[PATCH 1/3] sched/topology: Allow archs to populate distance map
Peter Zijlstra
peterz at infradead.org
Fri May 21 04:56:31 AEST 2021
On Thu, May 20, 2021 at 09:14:25PM +0530, Srikar Dronamraju wrote:
> Currently scheduler populates the distance map by looking at distance
> of each node from all other nodes. This should work for most
> architectures and platforms.
>
> However there are some architectures like POWER that may not expose
> the distance of nodes that are not yet onlined because those resources
> are not yet allocated to the OS instance. Such architectures have
> other means to provide valid distance data for the current platform.
>
> For example distance info from numactl from a fully populated 8 node
> system at boot may look like this.
>
> node distances:
> node 0 1 2 3 4 5 6 7
> 0: 10 20 40 40 40 40 40 40
> 1: 20 10 40 40 40 40 40 40
> 2: 40 40 10 20 40 40 40 40
> 3: 40 40 20 10 40 40 40 40
> 4: 40 40 40 40 10 20 40 40
> 5: 40 40 40 40 20 10 40 40
> 6: 40 40 40 40 40 40 10 20
> 7: 40 40 40 40 40 40 20 10
>
> However the same system when only two nodes are online at boot, then the
> numa topology will look like
> node distances:
> node 0 1
> 0: 10 20
> 1: 20 10
>
> It may be implementation dependent on what node_distance(0,3) where
> node 0 is online and node 3 is offline.
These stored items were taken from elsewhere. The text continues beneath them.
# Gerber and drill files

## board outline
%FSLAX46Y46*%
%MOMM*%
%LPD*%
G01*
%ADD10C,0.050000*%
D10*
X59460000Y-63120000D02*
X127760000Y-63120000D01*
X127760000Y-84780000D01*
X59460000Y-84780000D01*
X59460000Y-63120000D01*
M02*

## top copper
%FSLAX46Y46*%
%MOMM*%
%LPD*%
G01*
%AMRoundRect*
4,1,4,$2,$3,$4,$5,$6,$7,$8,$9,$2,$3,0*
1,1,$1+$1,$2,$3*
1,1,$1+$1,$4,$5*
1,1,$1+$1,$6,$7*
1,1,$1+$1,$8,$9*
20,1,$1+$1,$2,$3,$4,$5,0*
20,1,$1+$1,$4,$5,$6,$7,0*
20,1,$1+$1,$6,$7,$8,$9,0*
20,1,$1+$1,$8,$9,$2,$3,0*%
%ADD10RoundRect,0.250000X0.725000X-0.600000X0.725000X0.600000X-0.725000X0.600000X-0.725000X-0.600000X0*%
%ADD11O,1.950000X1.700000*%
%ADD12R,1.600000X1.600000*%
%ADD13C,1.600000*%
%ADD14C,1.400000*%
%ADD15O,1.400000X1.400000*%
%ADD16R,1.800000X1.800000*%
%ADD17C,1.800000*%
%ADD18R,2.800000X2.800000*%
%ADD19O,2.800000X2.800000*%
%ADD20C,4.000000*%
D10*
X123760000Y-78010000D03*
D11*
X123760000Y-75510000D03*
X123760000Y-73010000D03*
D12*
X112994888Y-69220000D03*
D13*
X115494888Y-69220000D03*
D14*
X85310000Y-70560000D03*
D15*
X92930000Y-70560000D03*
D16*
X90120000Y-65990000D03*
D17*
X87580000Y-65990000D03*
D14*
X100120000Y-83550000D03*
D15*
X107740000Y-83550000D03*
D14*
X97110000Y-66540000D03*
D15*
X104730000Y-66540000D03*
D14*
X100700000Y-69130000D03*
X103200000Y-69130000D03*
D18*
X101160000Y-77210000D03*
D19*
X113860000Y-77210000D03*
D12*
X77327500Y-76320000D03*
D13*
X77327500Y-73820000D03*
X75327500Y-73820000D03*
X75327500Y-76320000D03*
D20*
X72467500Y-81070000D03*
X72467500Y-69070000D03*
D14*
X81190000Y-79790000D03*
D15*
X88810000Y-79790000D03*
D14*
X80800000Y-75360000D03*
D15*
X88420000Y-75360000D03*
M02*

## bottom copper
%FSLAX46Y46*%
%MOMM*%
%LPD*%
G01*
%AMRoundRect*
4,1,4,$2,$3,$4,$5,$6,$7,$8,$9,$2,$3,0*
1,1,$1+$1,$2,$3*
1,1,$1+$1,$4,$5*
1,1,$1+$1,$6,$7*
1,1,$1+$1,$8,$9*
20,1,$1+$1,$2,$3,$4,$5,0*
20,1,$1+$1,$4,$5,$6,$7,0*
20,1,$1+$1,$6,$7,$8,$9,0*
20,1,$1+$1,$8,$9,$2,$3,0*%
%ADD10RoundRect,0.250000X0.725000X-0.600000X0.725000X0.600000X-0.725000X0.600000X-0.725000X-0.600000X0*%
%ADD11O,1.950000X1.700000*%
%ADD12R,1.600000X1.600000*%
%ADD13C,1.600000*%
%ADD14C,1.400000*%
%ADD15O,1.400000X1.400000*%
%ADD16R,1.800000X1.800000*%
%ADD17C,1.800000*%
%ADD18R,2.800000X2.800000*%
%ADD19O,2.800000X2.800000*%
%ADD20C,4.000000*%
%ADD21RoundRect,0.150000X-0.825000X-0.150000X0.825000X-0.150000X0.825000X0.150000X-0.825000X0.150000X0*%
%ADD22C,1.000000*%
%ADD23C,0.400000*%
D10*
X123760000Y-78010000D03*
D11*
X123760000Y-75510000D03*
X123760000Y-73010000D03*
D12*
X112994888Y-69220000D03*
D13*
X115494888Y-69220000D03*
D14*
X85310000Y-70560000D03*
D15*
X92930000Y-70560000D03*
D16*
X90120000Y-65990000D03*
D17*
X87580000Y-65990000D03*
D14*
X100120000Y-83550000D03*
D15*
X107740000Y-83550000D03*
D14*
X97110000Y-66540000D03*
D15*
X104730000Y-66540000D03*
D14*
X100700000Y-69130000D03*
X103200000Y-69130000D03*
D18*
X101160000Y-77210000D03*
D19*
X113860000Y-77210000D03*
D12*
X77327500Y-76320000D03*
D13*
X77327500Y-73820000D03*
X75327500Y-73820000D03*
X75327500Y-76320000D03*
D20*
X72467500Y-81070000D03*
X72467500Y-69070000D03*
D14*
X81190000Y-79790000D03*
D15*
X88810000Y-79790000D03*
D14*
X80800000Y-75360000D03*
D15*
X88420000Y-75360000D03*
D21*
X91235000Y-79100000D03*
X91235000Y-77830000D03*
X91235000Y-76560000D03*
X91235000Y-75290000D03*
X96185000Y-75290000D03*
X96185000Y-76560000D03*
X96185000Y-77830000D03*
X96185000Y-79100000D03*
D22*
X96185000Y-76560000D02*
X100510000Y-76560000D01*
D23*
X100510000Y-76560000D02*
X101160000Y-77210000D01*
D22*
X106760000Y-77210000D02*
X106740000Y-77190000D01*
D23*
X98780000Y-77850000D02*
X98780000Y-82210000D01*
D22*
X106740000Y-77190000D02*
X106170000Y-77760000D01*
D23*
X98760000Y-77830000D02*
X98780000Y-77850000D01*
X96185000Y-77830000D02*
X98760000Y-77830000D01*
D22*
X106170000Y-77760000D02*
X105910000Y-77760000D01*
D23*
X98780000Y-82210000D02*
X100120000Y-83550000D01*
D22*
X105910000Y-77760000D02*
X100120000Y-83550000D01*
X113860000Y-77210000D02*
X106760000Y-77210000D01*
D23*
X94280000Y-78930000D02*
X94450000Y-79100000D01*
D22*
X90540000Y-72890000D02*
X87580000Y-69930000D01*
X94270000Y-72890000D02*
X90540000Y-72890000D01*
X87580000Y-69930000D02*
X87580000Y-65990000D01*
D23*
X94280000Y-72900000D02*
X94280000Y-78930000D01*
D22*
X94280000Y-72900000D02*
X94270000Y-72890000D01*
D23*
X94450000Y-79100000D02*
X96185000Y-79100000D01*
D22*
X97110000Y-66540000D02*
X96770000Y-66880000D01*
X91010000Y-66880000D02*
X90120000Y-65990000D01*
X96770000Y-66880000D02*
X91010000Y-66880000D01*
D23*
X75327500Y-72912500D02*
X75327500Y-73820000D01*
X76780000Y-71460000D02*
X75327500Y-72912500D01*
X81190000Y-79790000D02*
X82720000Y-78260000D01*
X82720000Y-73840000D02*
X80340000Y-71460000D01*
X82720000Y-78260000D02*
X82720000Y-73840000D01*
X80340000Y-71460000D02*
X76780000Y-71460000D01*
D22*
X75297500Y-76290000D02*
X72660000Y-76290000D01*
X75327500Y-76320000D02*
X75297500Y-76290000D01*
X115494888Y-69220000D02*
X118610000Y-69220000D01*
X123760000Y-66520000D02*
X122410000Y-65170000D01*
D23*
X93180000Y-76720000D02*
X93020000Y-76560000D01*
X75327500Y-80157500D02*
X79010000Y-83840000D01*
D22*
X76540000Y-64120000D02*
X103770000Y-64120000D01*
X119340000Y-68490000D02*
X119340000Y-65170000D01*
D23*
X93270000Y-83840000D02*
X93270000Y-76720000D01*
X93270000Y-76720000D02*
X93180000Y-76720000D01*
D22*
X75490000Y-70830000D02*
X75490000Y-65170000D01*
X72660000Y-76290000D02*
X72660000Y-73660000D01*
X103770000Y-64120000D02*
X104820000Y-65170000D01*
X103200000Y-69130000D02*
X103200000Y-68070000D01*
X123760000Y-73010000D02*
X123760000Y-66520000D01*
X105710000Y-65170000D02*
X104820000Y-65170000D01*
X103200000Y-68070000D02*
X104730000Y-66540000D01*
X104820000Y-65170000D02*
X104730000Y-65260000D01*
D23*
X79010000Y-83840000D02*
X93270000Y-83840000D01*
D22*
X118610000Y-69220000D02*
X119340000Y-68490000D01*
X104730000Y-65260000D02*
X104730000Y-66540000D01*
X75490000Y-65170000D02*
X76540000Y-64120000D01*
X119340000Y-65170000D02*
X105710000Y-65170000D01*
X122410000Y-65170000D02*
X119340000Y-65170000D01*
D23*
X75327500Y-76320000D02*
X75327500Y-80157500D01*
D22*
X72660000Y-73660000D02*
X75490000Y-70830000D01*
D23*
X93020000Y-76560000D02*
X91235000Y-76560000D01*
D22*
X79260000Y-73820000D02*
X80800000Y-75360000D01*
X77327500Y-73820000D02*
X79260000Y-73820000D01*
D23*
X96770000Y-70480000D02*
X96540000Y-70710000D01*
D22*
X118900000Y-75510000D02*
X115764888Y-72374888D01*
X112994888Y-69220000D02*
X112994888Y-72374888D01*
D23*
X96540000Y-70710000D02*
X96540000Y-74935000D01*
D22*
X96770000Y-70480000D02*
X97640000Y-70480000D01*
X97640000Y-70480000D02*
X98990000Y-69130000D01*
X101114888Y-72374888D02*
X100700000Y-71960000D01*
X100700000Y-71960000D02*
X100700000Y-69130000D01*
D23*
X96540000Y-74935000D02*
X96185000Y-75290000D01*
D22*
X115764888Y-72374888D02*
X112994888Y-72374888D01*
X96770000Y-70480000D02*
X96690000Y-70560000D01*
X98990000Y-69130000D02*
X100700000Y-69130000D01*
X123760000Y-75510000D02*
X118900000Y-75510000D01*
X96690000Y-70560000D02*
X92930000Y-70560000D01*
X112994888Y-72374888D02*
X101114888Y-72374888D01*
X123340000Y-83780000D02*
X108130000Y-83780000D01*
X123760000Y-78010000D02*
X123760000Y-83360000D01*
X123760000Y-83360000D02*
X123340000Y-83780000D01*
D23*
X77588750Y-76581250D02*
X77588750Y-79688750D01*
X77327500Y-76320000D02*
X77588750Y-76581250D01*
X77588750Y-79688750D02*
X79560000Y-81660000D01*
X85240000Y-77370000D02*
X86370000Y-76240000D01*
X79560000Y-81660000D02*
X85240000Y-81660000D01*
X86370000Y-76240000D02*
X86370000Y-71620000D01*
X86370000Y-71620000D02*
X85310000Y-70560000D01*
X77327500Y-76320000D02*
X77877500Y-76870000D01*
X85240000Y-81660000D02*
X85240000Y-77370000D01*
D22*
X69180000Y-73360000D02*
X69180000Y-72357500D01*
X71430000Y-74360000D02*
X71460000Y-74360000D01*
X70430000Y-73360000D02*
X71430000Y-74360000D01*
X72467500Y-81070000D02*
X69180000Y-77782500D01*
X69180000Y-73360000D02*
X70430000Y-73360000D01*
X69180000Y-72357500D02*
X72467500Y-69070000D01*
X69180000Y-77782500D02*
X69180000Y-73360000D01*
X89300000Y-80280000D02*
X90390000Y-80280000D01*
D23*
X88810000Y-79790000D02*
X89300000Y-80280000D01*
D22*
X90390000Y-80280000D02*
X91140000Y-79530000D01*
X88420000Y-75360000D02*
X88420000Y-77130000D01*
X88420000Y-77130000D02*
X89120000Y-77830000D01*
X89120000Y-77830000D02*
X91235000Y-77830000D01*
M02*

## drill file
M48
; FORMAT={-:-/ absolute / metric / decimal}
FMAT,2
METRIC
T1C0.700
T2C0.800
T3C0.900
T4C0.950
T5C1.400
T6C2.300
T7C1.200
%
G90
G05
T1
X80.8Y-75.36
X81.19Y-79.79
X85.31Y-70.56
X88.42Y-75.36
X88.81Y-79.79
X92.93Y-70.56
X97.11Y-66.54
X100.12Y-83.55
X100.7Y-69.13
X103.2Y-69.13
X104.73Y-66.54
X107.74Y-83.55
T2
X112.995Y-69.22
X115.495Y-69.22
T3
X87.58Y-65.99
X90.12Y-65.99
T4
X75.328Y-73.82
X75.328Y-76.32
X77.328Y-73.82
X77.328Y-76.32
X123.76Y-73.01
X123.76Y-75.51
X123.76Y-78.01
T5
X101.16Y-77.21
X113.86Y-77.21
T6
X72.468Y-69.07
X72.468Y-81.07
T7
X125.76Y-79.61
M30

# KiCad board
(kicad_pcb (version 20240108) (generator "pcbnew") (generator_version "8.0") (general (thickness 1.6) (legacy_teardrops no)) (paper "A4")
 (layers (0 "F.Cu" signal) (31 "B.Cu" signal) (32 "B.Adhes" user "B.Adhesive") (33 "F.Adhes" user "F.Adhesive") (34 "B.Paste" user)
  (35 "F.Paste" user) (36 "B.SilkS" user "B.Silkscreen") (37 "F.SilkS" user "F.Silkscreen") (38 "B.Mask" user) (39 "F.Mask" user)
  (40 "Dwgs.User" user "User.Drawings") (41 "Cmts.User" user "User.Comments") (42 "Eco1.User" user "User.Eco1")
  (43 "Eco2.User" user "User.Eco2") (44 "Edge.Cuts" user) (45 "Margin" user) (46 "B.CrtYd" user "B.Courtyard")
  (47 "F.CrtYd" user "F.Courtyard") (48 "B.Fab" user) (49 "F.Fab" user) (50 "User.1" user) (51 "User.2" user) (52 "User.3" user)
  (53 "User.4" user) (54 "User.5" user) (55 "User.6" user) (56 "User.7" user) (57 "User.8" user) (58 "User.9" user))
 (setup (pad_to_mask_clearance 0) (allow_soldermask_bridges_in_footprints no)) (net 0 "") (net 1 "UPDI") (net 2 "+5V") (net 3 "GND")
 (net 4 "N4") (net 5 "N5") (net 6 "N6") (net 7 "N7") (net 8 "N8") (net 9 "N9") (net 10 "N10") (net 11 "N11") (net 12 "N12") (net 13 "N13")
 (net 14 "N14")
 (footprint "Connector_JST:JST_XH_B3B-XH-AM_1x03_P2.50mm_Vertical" (layer "F.Cu") (at 123.76 78.01 90)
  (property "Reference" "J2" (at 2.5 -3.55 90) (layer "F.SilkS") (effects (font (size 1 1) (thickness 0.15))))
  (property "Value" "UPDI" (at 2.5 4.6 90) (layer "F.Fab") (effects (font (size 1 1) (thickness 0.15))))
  (pad "" np_thru_hole circle (at -1.6 2 90) (size 1.2 1.2) (drill 1.2) (layers "*.Cu" "*.Mask"))
  (pad "1" thru_hole roundrect (at 0 0 90) (size 1.7 1.95) (drill 0.95) (layers "*.Cu" "*.Mask") (remove_unused_layers no)
   (roundrect_rratio 0.147059) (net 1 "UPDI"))
  (pad "2" thru_hole oval (at 2.5 0 90) (size 1.7 1.95) (drill 0.95) (layers "*.Cu" "*.Mask") (remove_unused_layers no) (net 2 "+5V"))
  (pad "3" thru_hole oval (at 5 0 90) (size 1.7 1.95) (drill 0.95) (layers "*.Cu" "*.Mask") (remove_unused_layers no) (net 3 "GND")))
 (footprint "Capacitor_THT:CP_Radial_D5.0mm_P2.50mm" (layer "F.Cu") (at 112.994888 69.22)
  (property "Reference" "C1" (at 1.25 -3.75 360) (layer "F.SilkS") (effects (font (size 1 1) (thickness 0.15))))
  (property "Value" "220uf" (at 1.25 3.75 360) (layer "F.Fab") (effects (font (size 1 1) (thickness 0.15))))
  (pad "1" thru_hole rect (at 0 0) (size 1.6 1.6) (drill 0.8) (layers "*.Cu" "*.Mask") (remove_unused_layers no) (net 2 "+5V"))
  (pad "2" thru_hole circle (at 2.5 0) (size 1.6 1.6) (drill 0.8) (layers "*.Cu" "*.Mask") (remove_unused_layers no) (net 3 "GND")))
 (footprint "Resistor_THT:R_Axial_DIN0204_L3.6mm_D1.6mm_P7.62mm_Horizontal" (layer "F.Cu") (at 85.31 70.56)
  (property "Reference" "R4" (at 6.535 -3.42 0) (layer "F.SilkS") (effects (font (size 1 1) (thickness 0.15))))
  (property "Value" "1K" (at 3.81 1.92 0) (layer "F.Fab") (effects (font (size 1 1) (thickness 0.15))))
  (pad "1" thru_hole circle (at 0 0) (size 1.4 1.4) (drill 0.7) (layers "*.Cu" "*.Mask") (remove_unused_layers no) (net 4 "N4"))
  (pad "2" thru_hole oval (at 7.62 0) (size 1.4 1.4) (drill 0.7) (layers "*.Cu" "*.Mask") (remove_unused_layers no) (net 2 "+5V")))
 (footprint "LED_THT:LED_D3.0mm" (layer "F.Cu") (at 90.12 65.99 180)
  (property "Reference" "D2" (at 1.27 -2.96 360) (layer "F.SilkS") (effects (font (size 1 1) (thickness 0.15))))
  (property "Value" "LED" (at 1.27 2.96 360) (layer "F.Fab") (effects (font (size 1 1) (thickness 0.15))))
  (pad "1" thru_hole rect (at 0 0 180) (size 1.8 1.8) (drill 0.9) (layers "*.Cu" "*.Mask") (remove_unused_layers no) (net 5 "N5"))
  (pad "2" thru_hole circle (at 2.54 0 180) (size 1.8 1.8) (drill 0.9) (layers "*.Cu" "*.Mask") (remove_unused_layers no) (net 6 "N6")))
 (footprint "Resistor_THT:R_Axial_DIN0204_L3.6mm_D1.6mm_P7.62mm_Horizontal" (layer "F.Cu") (at 100.12 83.55)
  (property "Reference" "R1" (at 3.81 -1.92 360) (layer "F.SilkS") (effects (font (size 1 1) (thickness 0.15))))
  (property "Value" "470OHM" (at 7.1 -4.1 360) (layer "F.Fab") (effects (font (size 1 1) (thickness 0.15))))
In POWER case, it returns
> LOCAL_DISTANCE(10). Here at boot the scheduler would assume that the max
> distance between nodes is 20. However that would not be true.
>
> When Nodes are onlined and CPUs from those nodes are hotplugged,
> the max node distance would be 40.
>
> To handle such scenarios, let scheduler allow architectures to populate
> the distance map. Architectures that like to populate the distance map
> can overload arch_populate_distance_map().
Why? Why can't your node_distance() DTRT? The arch interface is
nr_node_ids and node_distance(), I don't see why we need something new
and then replace one special use of it.
By virtue of you being able to actually implement this new hook, you
supposedly can actually do node_distance() right too.